Archives Mensuelles: mars 2008

ope Je vous le dis pas souvent mais je suis pas un bien bon ami. Demandez-le aux deux Pierre. Le premier, sa femme m’a annoncé que je l’avais manqué de peu, au bout de sa corde. J’ai encore la lettre qu’elle m’avait envoyée pour me rappeler où ils vont, les mots qu’on a pas pris le temps d’entendre et l’amour inconnu, que nul n’a découvert!*  “T’étais un fils pour lui!” écrivait-elle. Je l’ai même pas envoyé chier.  Y’a l’autre aussi, lui la vie l’a fait pour lui avant qu’il ne se le fasse. Pareil comme l’autre, parti sans que je le sache. Avouez que je mens pas quand je vous parle de mes qualités d’ami.

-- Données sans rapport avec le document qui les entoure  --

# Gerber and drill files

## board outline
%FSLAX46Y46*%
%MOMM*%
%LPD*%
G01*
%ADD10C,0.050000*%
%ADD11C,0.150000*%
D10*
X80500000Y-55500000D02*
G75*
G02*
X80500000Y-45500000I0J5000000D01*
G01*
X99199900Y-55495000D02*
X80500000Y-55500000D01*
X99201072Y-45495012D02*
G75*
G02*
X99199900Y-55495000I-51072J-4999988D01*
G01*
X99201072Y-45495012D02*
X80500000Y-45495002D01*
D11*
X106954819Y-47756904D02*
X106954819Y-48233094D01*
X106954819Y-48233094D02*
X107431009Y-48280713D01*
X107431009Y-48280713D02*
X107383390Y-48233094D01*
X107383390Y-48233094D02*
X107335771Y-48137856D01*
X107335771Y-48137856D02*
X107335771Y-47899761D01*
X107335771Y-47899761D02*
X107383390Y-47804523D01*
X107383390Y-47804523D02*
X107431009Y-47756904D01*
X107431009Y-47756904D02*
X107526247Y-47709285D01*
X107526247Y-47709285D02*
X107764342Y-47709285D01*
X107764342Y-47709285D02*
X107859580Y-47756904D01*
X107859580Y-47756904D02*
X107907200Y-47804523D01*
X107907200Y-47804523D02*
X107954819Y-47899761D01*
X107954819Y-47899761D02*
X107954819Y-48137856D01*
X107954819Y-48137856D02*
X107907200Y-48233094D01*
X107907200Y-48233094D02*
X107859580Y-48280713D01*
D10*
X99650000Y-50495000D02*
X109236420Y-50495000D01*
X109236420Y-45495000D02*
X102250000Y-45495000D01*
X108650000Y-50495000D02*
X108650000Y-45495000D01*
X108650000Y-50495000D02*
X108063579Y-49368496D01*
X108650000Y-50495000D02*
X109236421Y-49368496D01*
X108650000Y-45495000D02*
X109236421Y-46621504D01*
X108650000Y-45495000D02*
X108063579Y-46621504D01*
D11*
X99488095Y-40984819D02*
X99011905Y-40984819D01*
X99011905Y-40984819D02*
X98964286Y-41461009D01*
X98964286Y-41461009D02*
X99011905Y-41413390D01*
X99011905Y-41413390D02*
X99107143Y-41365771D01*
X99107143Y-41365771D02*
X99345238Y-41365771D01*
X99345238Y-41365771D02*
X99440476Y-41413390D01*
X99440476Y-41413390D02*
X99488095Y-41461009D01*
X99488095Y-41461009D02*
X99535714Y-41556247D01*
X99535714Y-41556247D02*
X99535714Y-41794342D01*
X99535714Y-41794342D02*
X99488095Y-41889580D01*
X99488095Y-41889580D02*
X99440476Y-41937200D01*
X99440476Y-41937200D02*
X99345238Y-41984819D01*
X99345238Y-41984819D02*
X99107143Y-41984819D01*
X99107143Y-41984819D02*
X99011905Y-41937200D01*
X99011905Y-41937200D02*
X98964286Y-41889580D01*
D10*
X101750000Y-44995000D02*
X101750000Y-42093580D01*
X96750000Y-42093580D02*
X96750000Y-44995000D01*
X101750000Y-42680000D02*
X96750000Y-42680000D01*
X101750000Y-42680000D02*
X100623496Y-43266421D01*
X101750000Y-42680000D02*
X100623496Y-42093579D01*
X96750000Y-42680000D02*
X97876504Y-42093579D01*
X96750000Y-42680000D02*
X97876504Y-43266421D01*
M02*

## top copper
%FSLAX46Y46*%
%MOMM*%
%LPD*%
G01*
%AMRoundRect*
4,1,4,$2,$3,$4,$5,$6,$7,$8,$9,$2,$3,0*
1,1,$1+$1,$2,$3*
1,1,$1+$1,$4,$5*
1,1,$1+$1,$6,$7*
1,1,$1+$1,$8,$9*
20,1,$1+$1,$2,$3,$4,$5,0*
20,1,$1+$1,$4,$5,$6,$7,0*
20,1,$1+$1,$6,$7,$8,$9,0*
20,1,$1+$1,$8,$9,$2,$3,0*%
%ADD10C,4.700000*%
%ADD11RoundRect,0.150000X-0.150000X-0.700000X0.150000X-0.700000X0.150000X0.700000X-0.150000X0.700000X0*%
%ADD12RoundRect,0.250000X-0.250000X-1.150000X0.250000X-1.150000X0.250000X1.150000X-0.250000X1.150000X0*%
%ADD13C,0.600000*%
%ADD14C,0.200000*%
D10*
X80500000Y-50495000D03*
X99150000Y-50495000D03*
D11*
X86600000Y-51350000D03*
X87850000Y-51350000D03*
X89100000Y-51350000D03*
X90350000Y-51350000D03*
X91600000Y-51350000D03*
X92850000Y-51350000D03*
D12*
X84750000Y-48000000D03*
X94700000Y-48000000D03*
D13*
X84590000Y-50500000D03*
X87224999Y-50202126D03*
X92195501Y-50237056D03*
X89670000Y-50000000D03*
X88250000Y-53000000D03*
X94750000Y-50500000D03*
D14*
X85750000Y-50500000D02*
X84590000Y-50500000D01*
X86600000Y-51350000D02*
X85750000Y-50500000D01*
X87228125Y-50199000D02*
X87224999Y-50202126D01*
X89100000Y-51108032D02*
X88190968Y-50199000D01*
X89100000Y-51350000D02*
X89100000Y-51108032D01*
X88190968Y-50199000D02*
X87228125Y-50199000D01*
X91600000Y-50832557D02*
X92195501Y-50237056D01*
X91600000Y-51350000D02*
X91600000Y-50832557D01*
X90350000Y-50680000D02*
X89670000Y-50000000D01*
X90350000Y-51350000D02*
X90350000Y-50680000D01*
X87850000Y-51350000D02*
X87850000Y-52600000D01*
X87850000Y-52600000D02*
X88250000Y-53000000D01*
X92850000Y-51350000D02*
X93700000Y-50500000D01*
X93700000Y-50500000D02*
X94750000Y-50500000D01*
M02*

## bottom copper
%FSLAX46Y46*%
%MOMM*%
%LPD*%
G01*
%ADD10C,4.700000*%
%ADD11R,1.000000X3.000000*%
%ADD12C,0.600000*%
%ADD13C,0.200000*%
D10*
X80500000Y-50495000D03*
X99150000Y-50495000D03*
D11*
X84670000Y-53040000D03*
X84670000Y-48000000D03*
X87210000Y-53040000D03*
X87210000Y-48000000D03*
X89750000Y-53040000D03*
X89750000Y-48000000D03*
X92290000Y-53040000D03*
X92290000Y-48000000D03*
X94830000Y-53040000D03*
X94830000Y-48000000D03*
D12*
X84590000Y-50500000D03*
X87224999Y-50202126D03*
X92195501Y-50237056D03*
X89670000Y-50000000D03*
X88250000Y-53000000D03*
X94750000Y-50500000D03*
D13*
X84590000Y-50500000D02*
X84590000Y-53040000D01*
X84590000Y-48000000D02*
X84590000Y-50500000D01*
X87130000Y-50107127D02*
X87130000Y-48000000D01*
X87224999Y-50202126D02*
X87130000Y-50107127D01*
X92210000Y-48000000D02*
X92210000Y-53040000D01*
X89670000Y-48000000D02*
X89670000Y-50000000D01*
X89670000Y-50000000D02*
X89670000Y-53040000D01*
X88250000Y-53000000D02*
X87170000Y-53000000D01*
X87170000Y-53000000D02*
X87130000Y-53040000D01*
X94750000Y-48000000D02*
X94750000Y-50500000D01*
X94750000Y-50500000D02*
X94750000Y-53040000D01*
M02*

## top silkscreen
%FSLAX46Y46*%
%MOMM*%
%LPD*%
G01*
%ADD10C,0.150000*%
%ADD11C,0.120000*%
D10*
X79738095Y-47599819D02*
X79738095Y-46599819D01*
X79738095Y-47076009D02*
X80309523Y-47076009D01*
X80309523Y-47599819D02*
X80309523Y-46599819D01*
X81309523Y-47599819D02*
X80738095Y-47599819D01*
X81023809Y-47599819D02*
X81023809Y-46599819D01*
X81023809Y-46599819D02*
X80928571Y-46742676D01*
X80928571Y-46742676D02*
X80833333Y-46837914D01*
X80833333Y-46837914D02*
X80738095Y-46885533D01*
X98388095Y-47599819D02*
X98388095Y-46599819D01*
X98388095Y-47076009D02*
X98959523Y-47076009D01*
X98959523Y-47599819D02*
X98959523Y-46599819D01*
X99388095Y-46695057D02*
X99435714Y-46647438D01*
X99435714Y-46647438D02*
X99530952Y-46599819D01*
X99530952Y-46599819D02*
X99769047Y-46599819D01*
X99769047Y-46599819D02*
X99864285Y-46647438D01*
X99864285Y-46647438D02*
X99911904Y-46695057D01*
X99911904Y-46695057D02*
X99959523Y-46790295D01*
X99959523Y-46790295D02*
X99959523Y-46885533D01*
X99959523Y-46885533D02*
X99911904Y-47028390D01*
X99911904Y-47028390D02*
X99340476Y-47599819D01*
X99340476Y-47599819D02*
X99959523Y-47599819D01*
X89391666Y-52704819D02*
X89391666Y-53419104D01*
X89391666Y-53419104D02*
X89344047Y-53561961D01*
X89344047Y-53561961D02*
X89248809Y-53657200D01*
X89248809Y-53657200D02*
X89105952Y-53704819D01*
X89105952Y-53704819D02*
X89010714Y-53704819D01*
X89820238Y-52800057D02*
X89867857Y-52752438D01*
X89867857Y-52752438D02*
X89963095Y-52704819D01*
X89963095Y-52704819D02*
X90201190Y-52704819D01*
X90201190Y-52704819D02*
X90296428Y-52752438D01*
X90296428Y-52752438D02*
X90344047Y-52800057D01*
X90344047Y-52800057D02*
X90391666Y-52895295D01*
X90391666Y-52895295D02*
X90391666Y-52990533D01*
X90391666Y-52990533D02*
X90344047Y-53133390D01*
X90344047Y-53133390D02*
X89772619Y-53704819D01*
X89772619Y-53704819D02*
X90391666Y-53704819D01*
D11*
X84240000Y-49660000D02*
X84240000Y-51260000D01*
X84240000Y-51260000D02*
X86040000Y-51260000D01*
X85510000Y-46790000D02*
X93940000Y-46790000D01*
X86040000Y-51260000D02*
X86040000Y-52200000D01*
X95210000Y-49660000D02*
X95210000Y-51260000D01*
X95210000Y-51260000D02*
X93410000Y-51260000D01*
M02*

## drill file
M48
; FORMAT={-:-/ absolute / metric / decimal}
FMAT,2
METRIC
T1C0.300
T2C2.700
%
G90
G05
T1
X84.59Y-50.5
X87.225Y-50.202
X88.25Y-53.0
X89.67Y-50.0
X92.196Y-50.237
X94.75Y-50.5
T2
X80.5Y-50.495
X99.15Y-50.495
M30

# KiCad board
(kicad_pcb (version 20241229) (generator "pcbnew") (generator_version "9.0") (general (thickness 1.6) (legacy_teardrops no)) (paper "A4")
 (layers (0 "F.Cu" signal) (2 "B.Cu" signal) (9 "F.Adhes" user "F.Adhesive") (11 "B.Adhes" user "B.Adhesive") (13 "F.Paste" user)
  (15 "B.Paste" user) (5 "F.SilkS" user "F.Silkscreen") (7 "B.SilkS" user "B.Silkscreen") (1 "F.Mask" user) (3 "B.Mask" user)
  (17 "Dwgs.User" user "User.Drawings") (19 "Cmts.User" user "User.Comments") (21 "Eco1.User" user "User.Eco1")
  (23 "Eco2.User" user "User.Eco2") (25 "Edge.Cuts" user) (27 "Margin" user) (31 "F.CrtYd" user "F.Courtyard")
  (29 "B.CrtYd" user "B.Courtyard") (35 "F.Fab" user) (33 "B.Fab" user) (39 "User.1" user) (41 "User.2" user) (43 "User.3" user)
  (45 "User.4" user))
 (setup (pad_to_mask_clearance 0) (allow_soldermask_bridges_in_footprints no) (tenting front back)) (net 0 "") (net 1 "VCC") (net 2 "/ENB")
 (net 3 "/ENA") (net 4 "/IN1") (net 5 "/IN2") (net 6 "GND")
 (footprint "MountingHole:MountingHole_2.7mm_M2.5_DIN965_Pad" (layer "F.Cu") (at 80.5 50.495)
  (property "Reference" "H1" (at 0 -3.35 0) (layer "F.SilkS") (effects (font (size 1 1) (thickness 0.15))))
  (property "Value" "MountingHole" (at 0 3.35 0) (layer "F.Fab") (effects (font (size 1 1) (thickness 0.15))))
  (pad "1" thru_hole circle (at 0 0) (size 4.7 4.7) (drill 2.7) (layers "*.Cu" "*.Mask") (remove_unused_layers no)))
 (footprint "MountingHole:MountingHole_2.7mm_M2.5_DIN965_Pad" (layer "F.Cu") (at 99.15 50.495)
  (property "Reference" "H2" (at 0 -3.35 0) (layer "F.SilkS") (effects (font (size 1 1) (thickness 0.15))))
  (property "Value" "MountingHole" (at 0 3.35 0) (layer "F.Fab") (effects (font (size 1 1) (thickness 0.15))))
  (pad "1" thru_hole circle (at 0 0) (size 4.7 4.7) (drill 2.7) (layers "*.Cu" "*.Mask") (remove_unused_layers no)))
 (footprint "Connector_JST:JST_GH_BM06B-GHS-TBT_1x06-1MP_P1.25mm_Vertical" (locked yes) (layer "F.Cu") (at 89.725 49.4)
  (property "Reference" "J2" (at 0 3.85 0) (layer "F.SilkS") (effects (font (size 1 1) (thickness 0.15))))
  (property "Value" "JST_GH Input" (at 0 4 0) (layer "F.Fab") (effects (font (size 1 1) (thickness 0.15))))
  (fp_line (start -5.485 0.26) (end -5.485 1.86) (stroke (width 0.12) (type solid)) (layer "F.SilkS"))
  (fp_line (start -5.485 1.86) (end -3.685 1.86) (stroke (width 0.12) (type solid)) (layer "F.SilkS"))
  (fp_line (start -4.215 -2.61) (end 4.215 -2.61) (stroke (width 0.12) (type solid)) (layer "F.SilkS"))
  (fp_line (start -3.685 1.86) (end -3.685 2.8) (stroke (width 0.12) (type solid)) (layer "F.SilkS"))
  (fp_line (start 5.485 0.26) (end 5.485 1.86) (stroke (width 0.12) (type solid)) (layer "F.SilkS"))
  (fp_line (start 5.485 1.86) (end 3.685 1.86) (stroke (width 0.12) (type solid)) (layer "F.SilkS"))
  (pad "1" smd roundrect (at -3.125 1.95) (size 0.6 1.7) (layers "F.Cu" "F.Mask" "F.Paste") (roundrect_rratio 0.25) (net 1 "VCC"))
  (pad "2" smd roundrect (at -1.875 1.95) (size 0.6 1.7) (layers "F.Cu" "F.Mask" "F.Paste") (roundrect_rratio 0.25) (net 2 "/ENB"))
  (pad "3" smd roundrect (at -0.625 1.95) (size 0.6 1.7) (layers "F.Cu" "F.Mask" "F.Paste") (roundrect_rratio 0.25) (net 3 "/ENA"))
  (pad "4" smd roundrect (at 0.625 1.95) (size 0.6 1.7) (layers "F.Cu" "F.Mask" "F.Paste") (roundrect_rratio 0.25) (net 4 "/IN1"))
  (pad "5" smd roundrect (at 1.875 1.95) (size 0.6 1.7) (layers "F.Cu" "F.Mask" "F.Paste") (roundrect_rratio 0.25) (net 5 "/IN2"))
  (pad "6" smd roundrect (at 3.125 1.95) (size 0.6 1.7) (layers "F.Cu" "F.Mask" "F.Paste") (roundrect_rratio 0.25) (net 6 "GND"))
  (pad "MP" smd roundrect (at -4.975 -1.4) (size 1 2.8) (layers "F.Cu" "F.Mask" "F.Paste") (roundrect_rratio 0.25))
  (pad "MP" smd roundrect (at 4.975 -1.4) (size 1 2.8) (layers "F.Cu" "F.Mask" "F.Paste") (roundrect_rratio 0.25)))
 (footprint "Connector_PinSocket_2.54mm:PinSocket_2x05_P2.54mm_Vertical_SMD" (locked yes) (layer "B.Cu") (at 89.75 50.52 -90)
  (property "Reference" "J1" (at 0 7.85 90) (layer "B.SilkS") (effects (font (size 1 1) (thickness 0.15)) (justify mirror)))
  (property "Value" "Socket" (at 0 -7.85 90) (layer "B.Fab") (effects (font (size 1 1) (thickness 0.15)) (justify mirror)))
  (pad "1" smd rect (at 2.52 5.08 270) (size 3 1) (layers "B.Cu" "B.Mask" "B.Paste") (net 1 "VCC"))
  (pad "2" smd rect (at -2.52 5.08 270) (size 3 1) (layers "B.Cu" "B.Mask" "B.Paste") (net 1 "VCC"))
  (pad "3" smd rect (at 2.52 2.54 270) (size 3 1) (layers "B.Cu" "B.Mask" "B.Paste") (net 2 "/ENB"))
  (pad "4" smd rect (at -2.52 2.54 270) (size 3 1) (layers "B.Cu" "B.Mask" "B.Paste") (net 3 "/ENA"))
  (pad "5" smd rect (at 2.52 0 270) (size 3 1) (layers "B.Cu" "B.Mask" "B.Paste") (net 4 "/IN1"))
  (pad "6" smd rect (at -2.52 0 270) (size 3 1) (layers "B.Cu" "B.Mask" "B.Paste") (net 4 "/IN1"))
  (pad "7" smd rect (at 2.52 -2.54 270) (size 3 1) (layers "B.Cu" "B.Mask" "B.Paste") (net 5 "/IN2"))
  (pad "8" smd rect (at -2.52 -2.54 270) (size 3 1) (layers "B.Cu" "B.Mask" "B.Paste") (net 5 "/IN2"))
  (pad "9" smd rect (at 2.52 -5.08 270) (size 3 1) (layers "B.Cu" "B.Mask" "B.Paste") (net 6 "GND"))
  (pad "10" smd rect (at -2.52 -5.08 270) (size 3 1) (layers "B.Cu" "B.Mask" "B.Paste") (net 6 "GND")))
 (gr_arc (start 80.5 55.5) (mid 75.5 50.5) (end 80.5 45.5) (stroke (width 0.05) (type solid)) (layer "Edge.Cuts"))
 (gr_line (start 99.1999 55.495) (end 80.5 55.5) (stroke (width 0.05) (type default)) (layer "Edge.Cuts"))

Tiens prenez l’autre, le Grand Gris. Il s’est prit l’idée de s’éclater un peu, puis une veine aussi, en pleine tronche tant qu’à faire. La moitié du corps a fait du pictage, l’autre voulait travailler. J’ai changé ses couches, 6′3 de merde à laver, des week-ends durant. L’est mort pareil. Seul aussi, le seul week-end où je pouvais pas être là. C’est venu me rassurer, je suis pas seul à maltraiter ceux que j’aime.  Le Grand Gris, nos derniers moments, c’est des dons de merde et de se sauver quand j’ai la tête ailleurs.

J’ai mis des années à pas trop vouloir investir. Je suis meilleur le coeur serré. Je fais bien quand il faut éloigner. Je maîtrise l’art de repousser.  D’ailleurs, la dernière fois que j’ai aimé un homme, on s’était juré de jamais se laisser tomber. On allait plus jamais se saoûler, c’était surtout comme promesse, à cracher au ciel quitte à ce qu’il nous tombe sur la tête, avant même que la morve ne revienne. Il a finit saoul avant le troisième paragraphe de ce billet. En tôle question de marquer le coup. Depuis, sa mère va mieux.

* * *

Vous arrivez ici de plein de façons. Certains en sautillant, d’autres venus faire chier, d’autres trébuchent sur une phrase, se révoltent, se revisitent, ceux-là habituellement, surtout les derniers, on se raconte nos vies en courriel pour éteindre nos feux.  C’est comme ça qu’il est arrivé. Comme un cognac coupé d’eau. Fifthy d’audace, fifthy générosité, à vous chauffer la gorge et apaiser vos tripes.  Ceux-là comme le cognac, ils me font un peu peur, on peut passer des heures à se raconter des salades et la vie.

Puisque les bons mecs arrivent jamais seuls, on a connu cette celle aussi, un happy hour que je vous dis cette rencontre, la tendresse longue comme ses jambes, des yeux de mer à carte postale, la candeur de ceux qui croient en la vie, le bonheur aussi de celles qui enfantent des beautés d’ailleurs.  On a tout pris l’épouse et moi, le bonheur et les enfants, le bébé et les sourires, cette celle qui cache pas sa crainte derrière l’assurance consommée des faux-culs, cette celle dont les yeux font juste dire que ce serait bien être la meilleure maman du monde.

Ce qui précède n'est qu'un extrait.